Okay, I feel like I've gotten everything down with making jerky in my MES except it's hit and miss with being salty.  I do want to ensure that meat doesn't spoil or go bad so I want to add tenderquick, but can someone please recommend what I can do to lessen the salty taste of my jerky?  Here's my recipe.

 

1 cup of soy sauce

1 cup of water

1 tablespoon of sesame seed oil

1 tablespoon of garlic powder

1 tablespoon of onion powder

2 tablespoon of pepper

5 tablespoon of brown sugar

3 tablespoon of siracha sauce

1 tablespoon of tenderquick per pound of meat

 

I'll mix the marinade really well ensuring everything is dissolved and mixed. 

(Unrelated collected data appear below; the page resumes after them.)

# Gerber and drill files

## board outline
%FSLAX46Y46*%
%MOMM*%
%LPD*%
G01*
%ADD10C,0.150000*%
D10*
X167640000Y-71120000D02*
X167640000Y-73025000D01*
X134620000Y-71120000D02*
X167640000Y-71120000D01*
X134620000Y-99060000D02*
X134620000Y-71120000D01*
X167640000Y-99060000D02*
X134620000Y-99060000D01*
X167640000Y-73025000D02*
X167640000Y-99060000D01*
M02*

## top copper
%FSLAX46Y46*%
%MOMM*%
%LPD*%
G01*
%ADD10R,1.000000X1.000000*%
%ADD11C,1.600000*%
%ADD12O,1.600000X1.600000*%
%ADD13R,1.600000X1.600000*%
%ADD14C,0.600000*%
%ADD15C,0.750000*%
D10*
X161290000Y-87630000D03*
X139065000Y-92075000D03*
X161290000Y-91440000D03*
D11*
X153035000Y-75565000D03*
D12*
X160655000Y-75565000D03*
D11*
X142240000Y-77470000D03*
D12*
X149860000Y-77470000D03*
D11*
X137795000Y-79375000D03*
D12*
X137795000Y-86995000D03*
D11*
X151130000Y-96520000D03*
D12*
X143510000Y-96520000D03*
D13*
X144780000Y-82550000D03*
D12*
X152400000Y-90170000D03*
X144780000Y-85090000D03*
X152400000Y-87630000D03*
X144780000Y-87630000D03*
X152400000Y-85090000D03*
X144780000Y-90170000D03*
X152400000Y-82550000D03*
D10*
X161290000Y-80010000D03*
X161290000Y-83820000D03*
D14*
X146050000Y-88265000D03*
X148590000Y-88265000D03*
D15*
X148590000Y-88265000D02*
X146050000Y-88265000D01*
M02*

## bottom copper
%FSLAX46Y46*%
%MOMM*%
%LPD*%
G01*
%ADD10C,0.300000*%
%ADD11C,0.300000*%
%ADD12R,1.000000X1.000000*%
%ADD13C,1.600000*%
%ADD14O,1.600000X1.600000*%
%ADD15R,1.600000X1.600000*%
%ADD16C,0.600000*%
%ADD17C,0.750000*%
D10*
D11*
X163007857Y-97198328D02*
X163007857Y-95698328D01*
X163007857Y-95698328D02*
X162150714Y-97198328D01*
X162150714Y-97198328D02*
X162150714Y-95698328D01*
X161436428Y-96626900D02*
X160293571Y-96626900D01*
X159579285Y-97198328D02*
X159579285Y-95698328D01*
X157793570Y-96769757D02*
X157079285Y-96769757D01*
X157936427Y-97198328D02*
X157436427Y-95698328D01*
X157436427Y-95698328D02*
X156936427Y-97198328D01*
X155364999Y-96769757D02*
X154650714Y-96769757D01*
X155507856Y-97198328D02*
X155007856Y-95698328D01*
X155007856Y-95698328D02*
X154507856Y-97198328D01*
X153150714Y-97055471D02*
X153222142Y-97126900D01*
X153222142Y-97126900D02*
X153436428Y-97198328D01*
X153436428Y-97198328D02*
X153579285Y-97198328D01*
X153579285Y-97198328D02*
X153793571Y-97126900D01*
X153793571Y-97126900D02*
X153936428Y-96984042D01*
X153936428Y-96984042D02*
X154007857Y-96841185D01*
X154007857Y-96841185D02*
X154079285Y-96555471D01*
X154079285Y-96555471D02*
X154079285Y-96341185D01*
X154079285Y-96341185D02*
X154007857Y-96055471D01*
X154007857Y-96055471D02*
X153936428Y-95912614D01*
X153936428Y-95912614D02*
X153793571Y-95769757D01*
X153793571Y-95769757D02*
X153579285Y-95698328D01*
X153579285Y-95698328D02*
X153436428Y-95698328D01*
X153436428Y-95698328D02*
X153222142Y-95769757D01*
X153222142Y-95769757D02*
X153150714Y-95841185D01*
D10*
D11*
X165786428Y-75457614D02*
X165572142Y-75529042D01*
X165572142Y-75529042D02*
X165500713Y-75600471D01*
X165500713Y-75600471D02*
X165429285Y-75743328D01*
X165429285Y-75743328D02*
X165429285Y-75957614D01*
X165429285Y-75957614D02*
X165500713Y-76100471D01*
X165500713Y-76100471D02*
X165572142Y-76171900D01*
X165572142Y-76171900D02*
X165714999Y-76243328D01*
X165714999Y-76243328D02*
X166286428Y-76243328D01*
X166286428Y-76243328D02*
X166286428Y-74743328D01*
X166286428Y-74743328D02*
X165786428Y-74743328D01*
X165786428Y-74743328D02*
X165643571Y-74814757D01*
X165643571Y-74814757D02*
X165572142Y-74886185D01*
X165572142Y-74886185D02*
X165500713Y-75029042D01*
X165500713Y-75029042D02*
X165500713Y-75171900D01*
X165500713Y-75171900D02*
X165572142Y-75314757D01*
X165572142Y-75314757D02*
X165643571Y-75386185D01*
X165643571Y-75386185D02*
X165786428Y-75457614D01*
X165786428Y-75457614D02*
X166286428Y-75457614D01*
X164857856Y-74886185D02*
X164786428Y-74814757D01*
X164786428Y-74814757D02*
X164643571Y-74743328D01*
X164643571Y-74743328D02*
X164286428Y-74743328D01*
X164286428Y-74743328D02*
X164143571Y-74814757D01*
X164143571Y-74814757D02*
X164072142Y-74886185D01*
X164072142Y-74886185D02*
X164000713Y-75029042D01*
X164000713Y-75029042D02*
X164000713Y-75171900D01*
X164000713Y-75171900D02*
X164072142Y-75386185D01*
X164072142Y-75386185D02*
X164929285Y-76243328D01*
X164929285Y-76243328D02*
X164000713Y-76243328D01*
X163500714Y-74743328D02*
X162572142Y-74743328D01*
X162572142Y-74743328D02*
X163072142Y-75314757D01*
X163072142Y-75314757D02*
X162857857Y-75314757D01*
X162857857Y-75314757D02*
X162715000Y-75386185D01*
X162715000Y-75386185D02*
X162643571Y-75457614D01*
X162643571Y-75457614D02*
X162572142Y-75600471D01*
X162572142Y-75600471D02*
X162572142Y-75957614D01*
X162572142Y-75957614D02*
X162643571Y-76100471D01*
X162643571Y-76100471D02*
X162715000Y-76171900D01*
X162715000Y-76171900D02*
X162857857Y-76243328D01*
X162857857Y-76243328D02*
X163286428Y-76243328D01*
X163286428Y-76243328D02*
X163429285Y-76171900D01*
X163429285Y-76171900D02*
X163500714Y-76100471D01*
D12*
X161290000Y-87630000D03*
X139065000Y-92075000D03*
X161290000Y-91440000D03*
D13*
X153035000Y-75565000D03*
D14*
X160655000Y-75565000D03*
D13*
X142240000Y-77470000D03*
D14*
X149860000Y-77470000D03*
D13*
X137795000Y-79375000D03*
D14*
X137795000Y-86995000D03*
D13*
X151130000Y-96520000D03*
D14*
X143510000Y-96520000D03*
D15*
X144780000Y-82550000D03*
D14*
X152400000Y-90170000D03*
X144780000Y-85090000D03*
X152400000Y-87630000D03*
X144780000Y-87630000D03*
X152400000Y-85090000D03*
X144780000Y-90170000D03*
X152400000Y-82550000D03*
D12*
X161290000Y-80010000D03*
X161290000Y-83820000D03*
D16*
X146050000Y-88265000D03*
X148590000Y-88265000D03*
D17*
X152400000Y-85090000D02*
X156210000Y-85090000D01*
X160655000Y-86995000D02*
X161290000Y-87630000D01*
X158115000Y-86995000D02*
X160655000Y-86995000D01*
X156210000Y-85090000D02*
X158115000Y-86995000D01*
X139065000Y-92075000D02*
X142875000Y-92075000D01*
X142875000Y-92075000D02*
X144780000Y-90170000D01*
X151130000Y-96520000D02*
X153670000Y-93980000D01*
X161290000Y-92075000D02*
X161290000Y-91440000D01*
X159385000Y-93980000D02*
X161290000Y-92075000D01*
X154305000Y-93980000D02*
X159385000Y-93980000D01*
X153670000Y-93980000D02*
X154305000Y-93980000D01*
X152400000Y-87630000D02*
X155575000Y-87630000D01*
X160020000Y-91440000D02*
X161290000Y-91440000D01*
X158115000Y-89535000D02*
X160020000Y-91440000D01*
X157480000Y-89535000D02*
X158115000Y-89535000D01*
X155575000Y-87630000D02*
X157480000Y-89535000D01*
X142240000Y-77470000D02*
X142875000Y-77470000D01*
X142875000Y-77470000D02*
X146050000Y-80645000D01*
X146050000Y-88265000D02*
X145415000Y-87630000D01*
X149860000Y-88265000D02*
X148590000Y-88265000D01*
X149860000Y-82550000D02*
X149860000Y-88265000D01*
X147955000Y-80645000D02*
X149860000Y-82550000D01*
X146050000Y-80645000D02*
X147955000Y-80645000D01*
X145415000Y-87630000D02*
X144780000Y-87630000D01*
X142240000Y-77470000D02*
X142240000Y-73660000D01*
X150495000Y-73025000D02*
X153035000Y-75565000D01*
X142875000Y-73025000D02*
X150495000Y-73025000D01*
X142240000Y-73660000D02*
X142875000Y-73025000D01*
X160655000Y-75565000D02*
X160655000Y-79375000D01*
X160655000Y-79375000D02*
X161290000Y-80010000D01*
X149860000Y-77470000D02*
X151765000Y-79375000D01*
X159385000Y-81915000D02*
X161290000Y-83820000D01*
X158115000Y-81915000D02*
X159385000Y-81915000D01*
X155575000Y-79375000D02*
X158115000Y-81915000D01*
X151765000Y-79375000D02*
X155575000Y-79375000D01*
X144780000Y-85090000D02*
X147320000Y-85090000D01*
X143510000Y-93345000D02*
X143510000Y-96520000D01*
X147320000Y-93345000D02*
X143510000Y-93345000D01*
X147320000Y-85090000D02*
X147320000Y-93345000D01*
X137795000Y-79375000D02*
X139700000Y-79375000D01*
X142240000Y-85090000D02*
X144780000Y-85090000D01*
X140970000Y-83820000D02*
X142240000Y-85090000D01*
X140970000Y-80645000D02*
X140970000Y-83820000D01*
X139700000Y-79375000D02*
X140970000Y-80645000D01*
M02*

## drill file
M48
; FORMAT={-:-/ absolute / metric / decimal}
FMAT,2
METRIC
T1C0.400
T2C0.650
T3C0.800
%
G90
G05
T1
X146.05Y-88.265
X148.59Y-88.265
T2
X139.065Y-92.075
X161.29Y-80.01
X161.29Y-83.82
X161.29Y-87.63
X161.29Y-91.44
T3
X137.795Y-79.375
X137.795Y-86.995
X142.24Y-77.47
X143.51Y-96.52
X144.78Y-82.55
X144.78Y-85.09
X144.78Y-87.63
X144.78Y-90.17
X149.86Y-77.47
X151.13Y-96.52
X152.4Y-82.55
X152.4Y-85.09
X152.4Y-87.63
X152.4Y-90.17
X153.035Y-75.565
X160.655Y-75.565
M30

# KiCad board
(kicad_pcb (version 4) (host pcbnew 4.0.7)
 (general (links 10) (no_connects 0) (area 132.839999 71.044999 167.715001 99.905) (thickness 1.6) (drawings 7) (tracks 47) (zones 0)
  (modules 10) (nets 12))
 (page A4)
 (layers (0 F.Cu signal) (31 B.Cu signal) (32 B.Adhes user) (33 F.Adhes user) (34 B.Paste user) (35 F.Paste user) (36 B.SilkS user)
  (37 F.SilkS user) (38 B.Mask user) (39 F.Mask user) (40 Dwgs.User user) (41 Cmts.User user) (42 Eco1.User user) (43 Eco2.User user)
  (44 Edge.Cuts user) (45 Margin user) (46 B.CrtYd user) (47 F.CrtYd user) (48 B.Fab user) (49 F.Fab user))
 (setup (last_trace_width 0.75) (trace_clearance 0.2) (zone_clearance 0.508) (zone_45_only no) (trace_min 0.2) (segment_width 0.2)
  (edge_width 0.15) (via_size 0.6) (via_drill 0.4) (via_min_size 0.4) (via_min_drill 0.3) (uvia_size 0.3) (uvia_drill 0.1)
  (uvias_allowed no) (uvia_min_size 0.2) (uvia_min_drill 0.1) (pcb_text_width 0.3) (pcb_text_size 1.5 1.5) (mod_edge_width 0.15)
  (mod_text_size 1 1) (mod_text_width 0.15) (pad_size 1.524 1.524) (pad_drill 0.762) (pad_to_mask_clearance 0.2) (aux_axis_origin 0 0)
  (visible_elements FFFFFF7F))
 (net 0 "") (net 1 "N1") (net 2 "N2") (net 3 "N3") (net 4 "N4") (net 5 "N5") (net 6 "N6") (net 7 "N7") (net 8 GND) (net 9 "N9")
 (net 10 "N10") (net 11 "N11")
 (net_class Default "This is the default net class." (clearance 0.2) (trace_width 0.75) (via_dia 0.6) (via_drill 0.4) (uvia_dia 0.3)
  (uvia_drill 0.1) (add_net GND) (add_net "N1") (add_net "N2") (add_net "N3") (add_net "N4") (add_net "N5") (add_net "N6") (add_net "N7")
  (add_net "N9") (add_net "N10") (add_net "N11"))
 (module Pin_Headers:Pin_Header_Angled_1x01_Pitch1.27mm (layer F.Cu) (at 161.29 87.63)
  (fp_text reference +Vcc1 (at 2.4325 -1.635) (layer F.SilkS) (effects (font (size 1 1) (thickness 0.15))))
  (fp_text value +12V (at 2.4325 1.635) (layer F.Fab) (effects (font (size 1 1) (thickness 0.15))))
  (pad 1 thru_hole rect (at 0 0) (size 1 1) (drill 0.65) (layers *.Cu *.Mask) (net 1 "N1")))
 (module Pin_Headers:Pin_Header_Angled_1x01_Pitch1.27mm (layer F.Cu) (at 139.065 92.075 180)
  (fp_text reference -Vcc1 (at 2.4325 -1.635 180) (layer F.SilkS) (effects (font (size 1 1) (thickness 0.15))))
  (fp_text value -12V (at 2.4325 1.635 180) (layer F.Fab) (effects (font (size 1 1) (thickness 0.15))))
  (pad 1 thru_hole rect (at 0 0 180) (size 1 1) (drill 0.65) (layers *.Cu *.Mask) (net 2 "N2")))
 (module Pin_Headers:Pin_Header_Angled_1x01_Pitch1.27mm (layer F.Cu) (at 161.29 91.44)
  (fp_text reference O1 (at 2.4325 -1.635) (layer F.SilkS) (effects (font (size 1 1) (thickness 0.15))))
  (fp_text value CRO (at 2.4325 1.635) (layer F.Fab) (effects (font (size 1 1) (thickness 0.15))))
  (pad 1 thru_hole rect (at 0 0) (size 1 1) (drill 0.65) (layers *.Cu *.Mask) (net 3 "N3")))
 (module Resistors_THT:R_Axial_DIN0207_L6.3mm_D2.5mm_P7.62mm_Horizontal (layer F.Cu) (at 153.035 75.565)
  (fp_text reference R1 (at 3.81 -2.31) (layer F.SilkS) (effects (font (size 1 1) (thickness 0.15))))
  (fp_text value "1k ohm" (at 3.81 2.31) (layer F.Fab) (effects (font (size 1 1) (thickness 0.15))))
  (pad 1 thru_hole circle (at 0 0) (size 1.6 1.6) (drill 0.8) (layers *.Cu *.Mask) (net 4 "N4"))
  (pad 2 thru_hole oval (at 7.62 0) (size 1.6 1.6) (drill 0.8) (layers *.Cu *.Mask) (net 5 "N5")))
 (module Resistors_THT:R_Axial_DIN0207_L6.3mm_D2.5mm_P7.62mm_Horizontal (layer F.Cu) (at 142.24 77.47)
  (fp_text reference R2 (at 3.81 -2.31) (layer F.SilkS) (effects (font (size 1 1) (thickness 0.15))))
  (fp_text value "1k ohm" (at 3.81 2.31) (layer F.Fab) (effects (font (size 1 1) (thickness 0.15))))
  (pad 1 thru_hole circle (at 0 0) (size 1.6 1.6) (drill 0.8) (layers *.Cu *.Mask) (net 4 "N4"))
  (pad 2 thru_hole oval (at 7.62 0) (size 1.6 1.6) (drill 0.8) (layers *.Cu *.Mask) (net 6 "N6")))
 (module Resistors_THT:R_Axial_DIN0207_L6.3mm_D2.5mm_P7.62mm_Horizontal (layer F.Cu) (at 137.795 79.375 270)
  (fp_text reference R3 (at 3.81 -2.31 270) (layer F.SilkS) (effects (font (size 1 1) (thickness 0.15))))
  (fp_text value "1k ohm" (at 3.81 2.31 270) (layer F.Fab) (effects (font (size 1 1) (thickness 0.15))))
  (pad 1 thru_hole circle (at 0 0 270) (size 1.6 1.6) (drill 0.8) (layers *.Cu *.Mask) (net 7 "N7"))
  (pad 2 thru_hole oval (at 7.62 0 270) (size 1.6 1.6) (drill 0.8) (layers *.Cu *.Mask) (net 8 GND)))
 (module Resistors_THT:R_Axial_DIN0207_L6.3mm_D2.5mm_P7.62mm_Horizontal (layer F.Cu) (at 151.13 96.52 180)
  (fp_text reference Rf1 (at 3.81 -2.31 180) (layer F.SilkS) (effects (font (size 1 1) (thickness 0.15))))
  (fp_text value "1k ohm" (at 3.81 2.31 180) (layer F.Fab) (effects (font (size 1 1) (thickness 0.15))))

So that will produce enough marinade to do about 4 pounds.  I slice them to about 1/8 of an inch.  Is there anything I can add to make it less salty?  Any help would be much appreciated.  Thank you.

post #2 of 9

my 2 cents is leave the tender quick out and use cure#1

post #3 of 9

ya tenderquick wont cure the meat,   i dont have any of that on hand to check the ingredients but its like an enzyme that brakes down the fibers  making the meat tender.

 

 

edited by DaveOmak....

post #4 of 9

Morton's Tender Quick has Nitrate and Nitrite in it..... It is to be used for curing meats and not as a seasoning....  

To reduce the salt, use cure #1

There has been some confusion, on this forum, about the proper use of Morton's Tender Quick...  Dave

+++++++++++++++++++++++++++++++++++++++

 

http://www.susanminor.org/forums/showthread.php?736-Curing-Salts

NOTE: Morton Tender Quick is not a meat tenderizer, or should either be used as a seasoning. These two premixes are essentially the same, and can be used interchangeably. Both are considered fast cures. The difference between the two is that the Sugar Cure has added dextrose and a packet of spice mix. They both contain a combination of high grade salt, sugar, plus both sodium nitrate (.5%) and sodium nitrite (.5%). 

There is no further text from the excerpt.